The above problem becomes even more complex if the person is interested in the travel plan that optimizes both on the total cost as well as the total journey time for the two flights (other than the ratings and amenities of each
airline). In essence, the skyline now needs to be computed on attributes that have been aggregated from multiple relations in addition to attributes whose preferences are local within each relation. The common aggregate operations are sum, average, minimum, maximum, etc.

No doubt the travel industry thinks it has conquered semantic diversity in travel arrangements. If they have, it has since I stopped traveling several years ago.

Even simple tasks such as coordination of air and train schedules was unnecessarily difficult.

I suspect that is still the case and so mention “skyline” queries as a topic to be aware of and if necessary, to include in a topic map application that brings sanity to travel arrangements.

True, you can get a travel service that handles all the details, but only for a price and only if you are that trusting.

Google open sources Supersonic query engine

Wednesday, October 17th, 2012

Google open sources Supersonic query engine

From the post:

Google has released Supersonic, a query engine designed to work efficiently with column-oriented databases.

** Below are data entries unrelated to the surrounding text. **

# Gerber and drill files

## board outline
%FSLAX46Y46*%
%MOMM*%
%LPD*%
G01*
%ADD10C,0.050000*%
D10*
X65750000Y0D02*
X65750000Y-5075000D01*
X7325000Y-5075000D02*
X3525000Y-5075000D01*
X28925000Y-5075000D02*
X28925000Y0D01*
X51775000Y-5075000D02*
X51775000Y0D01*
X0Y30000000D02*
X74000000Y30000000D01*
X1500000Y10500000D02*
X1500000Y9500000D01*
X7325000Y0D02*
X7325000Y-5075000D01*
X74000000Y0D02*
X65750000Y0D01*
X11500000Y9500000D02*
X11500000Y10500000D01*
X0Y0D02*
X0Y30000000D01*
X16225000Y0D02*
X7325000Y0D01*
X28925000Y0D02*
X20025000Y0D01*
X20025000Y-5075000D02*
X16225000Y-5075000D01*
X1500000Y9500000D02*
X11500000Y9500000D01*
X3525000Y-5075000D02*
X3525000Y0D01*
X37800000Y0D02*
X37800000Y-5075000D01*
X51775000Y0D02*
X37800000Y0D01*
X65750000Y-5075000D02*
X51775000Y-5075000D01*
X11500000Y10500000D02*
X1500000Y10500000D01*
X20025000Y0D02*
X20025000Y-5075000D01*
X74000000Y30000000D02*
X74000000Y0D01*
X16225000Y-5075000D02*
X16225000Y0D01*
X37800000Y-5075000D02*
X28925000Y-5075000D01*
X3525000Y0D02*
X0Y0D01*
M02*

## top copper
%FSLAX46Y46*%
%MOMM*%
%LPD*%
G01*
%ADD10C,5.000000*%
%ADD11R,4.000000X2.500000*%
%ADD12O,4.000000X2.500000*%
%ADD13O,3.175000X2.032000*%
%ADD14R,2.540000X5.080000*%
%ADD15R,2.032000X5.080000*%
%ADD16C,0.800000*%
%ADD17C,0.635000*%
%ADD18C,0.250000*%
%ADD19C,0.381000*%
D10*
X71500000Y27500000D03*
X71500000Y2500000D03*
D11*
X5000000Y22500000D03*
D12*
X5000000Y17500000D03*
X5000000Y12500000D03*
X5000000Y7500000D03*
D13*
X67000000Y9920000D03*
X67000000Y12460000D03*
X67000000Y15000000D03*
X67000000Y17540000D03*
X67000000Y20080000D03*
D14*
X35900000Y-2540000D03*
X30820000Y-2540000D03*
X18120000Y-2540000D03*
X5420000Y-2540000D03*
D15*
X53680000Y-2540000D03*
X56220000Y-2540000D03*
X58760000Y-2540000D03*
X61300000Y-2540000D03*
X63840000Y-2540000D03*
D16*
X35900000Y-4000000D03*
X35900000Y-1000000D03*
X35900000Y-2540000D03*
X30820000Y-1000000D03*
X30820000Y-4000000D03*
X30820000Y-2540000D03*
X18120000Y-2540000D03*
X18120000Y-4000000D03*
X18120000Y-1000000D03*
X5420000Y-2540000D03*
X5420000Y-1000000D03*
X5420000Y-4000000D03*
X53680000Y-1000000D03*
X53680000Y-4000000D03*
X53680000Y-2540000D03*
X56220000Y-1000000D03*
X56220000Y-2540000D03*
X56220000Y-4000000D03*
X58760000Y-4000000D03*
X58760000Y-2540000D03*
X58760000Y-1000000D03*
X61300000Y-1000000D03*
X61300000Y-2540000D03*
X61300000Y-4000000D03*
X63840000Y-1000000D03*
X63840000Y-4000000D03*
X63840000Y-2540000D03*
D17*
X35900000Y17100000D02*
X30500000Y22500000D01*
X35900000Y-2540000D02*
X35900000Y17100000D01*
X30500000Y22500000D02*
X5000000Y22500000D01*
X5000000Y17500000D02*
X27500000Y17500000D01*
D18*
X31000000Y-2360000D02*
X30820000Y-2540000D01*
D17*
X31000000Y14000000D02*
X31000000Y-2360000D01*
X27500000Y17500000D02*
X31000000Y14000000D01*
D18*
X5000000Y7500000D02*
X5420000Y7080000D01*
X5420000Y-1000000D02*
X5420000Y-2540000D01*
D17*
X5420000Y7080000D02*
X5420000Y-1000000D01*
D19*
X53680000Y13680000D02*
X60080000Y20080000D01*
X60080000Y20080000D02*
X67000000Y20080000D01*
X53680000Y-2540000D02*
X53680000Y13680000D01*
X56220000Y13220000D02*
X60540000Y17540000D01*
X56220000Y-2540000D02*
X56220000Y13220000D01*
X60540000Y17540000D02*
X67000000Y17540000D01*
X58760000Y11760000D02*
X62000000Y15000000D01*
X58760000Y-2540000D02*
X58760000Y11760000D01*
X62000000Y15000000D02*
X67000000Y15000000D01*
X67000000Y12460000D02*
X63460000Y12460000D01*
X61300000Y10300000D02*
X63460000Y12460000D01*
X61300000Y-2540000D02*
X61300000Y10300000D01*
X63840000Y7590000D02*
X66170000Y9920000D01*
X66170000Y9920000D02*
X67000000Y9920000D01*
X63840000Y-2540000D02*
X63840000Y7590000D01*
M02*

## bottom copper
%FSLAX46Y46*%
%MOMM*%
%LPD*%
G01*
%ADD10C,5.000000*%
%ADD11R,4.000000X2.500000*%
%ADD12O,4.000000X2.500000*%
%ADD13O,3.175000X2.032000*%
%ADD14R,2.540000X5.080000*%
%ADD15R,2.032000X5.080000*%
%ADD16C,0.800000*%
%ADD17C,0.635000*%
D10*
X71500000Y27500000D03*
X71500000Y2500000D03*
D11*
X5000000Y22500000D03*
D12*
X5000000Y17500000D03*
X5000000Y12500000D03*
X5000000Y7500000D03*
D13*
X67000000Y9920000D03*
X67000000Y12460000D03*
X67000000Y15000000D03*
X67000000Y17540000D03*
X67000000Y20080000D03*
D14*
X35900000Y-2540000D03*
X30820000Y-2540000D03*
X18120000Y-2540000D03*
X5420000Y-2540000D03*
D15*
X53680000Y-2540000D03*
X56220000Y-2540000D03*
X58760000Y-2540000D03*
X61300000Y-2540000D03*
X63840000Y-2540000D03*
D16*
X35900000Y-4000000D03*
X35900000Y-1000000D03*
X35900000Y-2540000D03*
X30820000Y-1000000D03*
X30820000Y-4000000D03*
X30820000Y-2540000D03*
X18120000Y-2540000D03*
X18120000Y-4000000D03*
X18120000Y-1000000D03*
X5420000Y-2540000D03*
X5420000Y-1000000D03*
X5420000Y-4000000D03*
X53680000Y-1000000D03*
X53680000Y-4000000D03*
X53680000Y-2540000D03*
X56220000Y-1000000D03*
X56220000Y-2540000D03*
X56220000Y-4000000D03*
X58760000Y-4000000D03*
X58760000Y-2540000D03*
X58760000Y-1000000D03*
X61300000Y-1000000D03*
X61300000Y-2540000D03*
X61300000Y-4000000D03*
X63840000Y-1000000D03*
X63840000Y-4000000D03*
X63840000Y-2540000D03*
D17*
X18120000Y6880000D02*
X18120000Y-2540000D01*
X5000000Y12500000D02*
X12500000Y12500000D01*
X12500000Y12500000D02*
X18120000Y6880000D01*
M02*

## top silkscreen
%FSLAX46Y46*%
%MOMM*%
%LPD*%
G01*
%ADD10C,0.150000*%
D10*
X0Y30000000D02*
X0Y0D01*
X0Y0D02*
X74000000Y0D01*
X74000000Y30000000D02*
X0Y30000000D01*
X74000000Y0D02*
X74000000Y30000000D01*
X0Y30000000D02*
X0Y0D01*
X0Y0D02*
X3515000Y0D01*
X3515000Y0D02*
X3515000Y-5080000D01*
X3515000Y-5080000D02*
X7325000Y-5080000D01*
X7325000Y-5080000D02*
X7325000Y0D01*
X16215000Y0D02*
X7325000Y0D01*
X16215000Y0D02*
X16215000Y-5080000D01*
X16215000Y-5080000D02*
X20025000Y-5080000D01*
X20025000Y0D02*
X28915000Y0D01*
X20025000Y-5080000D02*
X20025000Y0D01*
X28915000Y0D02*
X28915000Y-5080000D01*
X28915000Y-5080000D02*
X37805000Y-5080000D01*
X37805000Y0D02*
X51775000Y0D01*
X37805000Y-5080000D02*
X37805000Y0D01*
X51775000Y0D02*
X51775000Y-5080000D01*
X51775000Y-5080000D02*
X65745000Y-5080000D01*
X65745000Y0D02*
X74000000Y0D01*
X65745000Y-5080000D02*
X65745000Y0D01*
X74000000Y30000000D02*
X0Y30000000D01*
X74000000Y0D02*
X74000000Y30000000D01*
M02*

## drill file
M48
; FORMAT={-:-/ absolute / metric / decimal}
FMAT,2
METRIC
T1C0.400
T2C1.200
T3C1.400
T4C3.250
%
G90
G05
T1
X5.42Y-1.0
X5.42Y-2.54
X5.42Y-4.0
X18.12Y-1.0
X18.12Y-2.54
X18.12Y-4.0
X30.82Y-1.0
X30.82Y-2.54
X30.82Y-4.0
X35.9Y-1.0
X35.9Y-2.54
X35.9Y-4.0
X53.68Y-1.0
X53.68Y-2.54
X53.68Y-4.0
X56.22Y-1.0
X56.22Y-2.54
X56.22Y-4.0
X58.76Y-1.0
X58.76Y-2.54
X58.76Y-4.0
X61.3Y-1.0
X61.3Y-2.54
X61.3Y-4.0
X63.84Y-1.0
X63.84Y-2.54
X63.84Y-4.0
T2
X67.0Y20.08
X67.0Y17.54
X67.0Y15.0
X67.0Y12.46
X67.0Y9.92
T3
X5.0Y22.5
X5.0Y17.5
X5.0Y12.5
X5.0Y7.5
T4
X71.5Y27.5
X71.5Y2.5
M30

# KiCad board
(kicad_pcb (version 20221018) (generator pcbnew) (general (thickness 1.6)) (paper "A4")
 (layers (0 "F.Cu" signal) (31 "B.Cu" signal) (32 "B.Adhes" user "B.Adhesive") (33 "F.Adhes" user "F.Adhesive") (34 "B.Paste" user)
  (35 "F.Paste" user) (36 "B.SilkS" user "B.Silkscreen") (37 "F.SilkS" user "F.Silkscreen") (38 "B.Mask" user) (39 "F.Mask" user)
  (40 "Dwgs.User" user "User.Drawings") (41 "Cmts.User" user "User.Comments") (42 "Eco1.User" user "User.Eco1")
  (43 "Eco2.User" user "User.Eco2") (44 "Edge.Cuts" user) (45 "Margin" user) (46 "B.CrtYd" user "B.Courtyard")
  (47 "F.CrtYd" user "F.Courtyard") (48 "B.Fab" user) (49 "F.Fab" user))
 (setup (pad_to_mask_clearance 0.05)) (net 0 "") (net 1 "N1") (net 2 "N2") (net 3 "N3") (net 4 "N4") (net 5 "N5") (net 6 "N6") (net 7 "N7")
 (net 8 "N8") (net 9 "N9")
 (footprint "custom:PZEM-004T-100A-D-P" (layer "F.Cu") (at 0 0)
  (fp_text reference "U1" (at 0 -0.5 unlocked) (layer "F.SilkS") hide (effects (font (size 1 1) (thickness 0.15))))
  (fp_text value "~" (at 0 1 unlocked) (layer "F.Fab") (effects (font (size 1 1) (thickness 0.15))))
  (fp_line (start 0 -30) (end 0 0) (stroke (width 0.15) (type default)) (layer "F.SilkS"))
  (fp_line (start 0 0) (end 74 0) (stroke (width 0.15) (type default)) (layer "F.SilkS"))
  (fp_line (start 74 -30) (end 0 -30) (stroke (width 0.15) (type default)) (layer "F.SilkS"))
  (fp_line (start 74 0) (end 74 -30) (stroke (width 0.15) (type default)) (layer "F.SilkS"))
  (pad "" thru_hole circle (at 71.5 -27.5) (size 5 5) (drill 3.25) (layers "*.Cu" "*.Mask"))
  (pad "" thru_hole circle (at 71.5 -2.5) (size 5 5) (drill 3.25) (layers "*.Cu" "*.Mask"))
  (pad "1" thru_hole rect (at 5 -22.5) (size 4 2.5) (drill 1.4) (layers "*.Cu" "*.Mask") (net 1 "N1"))
  (pad "2" thru_hole oval (at 5 -17.5) (size 4 2.5) (drill 1.4) (layers "*.Cu" "*.Mask") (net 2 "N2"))
  (pad "3" thru_hole oval (at 5 -12.5) (size 4 2.5) (drill 1.4) (layers "*.Cu" "*.Mask") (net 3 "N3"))
  (pad "4" thru_hole oval (at 5 -7.5) (size 4 2.5) (drill 1.4) (layers "*.Cu" "*.Mask") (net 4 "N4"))
  (pad "5" thru_hole oval (at 67 -9.92) (size 3.175 2.032) (drill 1.2) (layers "*.Cu" "*.Mask") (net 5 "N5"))
  (pad "6" thru_hole oval (at 67 -12.46) (size 3.175 2.032) (drill 1.2) (layers "*.Cu" "*.Mask") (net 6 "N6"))
  (pad "7" thru_hole oval (at 67 -15) (size 3.175 2.032) (drill 1.2) (layers "*.Cu" "*.Mask") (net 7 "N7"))
  (pad "8" thru_hole oval (at 67 -17.54) (size 3.175 2.032) (drill 1.2) (layers "*.Cu" "*.Mask") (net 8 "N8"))
  (pad "9" thru_hole oval (at 67 -20.08) (size 3.175 2.032) (drill 1.2) (layers "*.Cu" "*.Mask") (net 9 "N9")))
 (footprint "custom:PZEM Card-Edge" (layer "F.Cu") (at 0 0)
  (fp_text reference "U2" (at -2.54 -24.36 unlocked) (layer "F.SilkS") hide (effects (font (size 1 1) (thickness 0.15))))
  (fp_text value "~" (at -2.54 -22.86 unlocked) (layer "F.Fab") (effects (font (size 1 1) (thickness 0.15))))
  (fp_line (start 0 -30) (end 0 0) (stroke (width 0.15) (type default)) (layer "F.SilkS"))
  (fp_line (start 0 0) (end 3.515 0) (stroke (width 0.15) (type default)) (layer "F.SilkS"))
  (fp_line (start 3.515 0) (end 3.515 5.08) (stroke (width 0.15) (type default)) (layer "F.SilkS"))
  (fp_line (start 3.515 5.08) (end 7.325 5.08) (stroke (width 0.15) (type default)) (layer "F.SilkS"))
  (fp_line (start 7.325 5.08) (end 7.325 0) (stroke (width 0.15) (type default)) (layer "F.SilkS"))
  (fp_line (start 16.215 0) (end 7.325 0) (stroke (width 0.15) (type default)) (layer "F.SilkS"))
  (fp_line (start 16.215 0) (end 16.215 5.08) (stroke (width 0.15) (type default)) (layer "F.SilkS"))
  (fp_line (start 16.215 5.08) (end 20.025 5.08) (stroke (width 0.15) (type default)) (layer "F.SilkS"))
  (fp_line (start 20.025 0) (end 28.915 0) (stroke (width 0.15) (type default)) (layer "F.SilkS"))
  (fp_line (start 20.025 5.08) (end 20.025 0) (stroke (width 0.15) (type default)) (layer "F.SilkS"))
  (fp_line (start 28.915 0) (end 28.915 5.08) (stroke (width 0.15) (type default)) (layer "F.SilkS"))
  (fp_line (start 28.915 5.08) (end 37.805 5.08) (stroke (width 0.15) (type default)) (layer "F.SilkS"))
  (fp_line (start 37.805 0) (end 51.775 0) (stroke (width 0.15) (type default)) (layer "F.SilkS"))
  (fp_line (start 37.805 5.08) (end 37.805 0) (stroke (width 0.15) (type default)) (layer "F.SilkS"))
  (fp_line (start 51.775 0) (end 51.775 5.08) (stroke (width 0.15) (type default)) (layer "F.SilkS"))
  (fp_line (start 51.775 5.08) (end 65.745 5.08) (stroke (width 0.15) (type default)) (layer "F.SilkS"))
  (fp_line (start 65.745 0) (end 74 0) (stroke (width 0.15) (type default)) (layer "F.SilkS"))
  (fp_line (start 65.745 5.08) (end 65.745 0) (stroke (width 0.15) (type default)) (layer "F.SilkS"))
  (fp_line (start 74 -30) (end 0 -30) (stroke (width 0.15) (type default)) (layer "F.SilkS"))
  (fp_line (start 74 0) (end 74 -30) (stroke (width 0.15) (type default)) (layer "F.SilkS"))
  (pad "1" connect rect (at 35.9 2.54 90) (size 5.08 2.54) (layers "F.Cu" "F.Mask") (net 1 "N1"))
  (pad "1" connect rect (at 35.9 2.54 90) (size 5.08 2.54) (layers "B.Cu" "B.Mask") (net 1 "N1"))
  (pad "2" connect rect (at 30.82 2.54 90) (size 5.08 2.54) (layers "F.Cu" "F.Mask") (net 2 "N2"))
  (pad "2" connect rect (at 30.82 2.54 90) (size 5.08 2.54) (layers "B.Cu" "B.Mask") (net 2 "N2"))
  (pad "3" connect rect (at 18.12 2.54 90) (size 5.08 2.54) (layers "F.Cu" "F.Mask") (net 3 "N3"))
  (pad "3" connect rect (at 18.12 2.54 90) (size 5.08 2.54) (layers "B.Cu" "B.Mask") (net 3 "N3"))
  (pad "4" connect rect (at 5.42 2.54 90) (size 5.08 2.54) (layers "F.Cu" "F.Mask") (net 4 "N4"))
  (pad "4" connect rect (at 5.42 2.54 90) (size 5.08 2.54) (layers "B.Cu" "B.Mask") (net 4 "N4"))
  (pad "5" connect rect (at 53.68 2.54 270) (size 5.08 2.032) (layers "F.Cu" "F.Mask") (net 5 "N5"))
  (pad "5" connect rect (at 53.68 2.54 270) (size 5.08 2.032) (layers "B.Cu" "B.Mask") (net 5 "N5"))
  (pad "6" connect rect (at 56.22 2.54 270) (size 5.08 2.032) (layers "F.Cu" "F.Mask") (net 6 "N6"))
  (pad "6" connect rect (at 56.22 2.54 270) (size 5.08 2.032) (layers "B.Cu" "B.Mask") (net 6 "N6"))
  (pad "7" connect rect (at 58.76 2.54 270) (size 5.08 2.032) (layers "F.Cu" "F.Mask") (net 7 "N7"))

The announcement suggests that Supersonic would be “extremely useful for creating a column oriented database back-end”, and that it aims to offer “second-to-none execution times”. As part of achieving that design goal, the C++ library uses many low-level, cache-aware optimisations, SIMD instructions and vectorised execution so that it can make the best use of modern pipelined CPUs, while still working as a single process.

Supersonic can perform “Operations” on columnar data such as Compute, Filter, Sort, HashJoin, and more; on views these operations can be chained together to produce a final result. Data for these operations is currently held in memory; there is no current built-in data storage format, but the developers say that there is “a strong intention of developing one”. Other work in progress includes the provision of wide test coverage for the library. A tarball archive of the code is available to download, while the source can be git cloned from the Google Code project pages.

Do you ever wonder what “secret” software must be like to have packages like this in open source?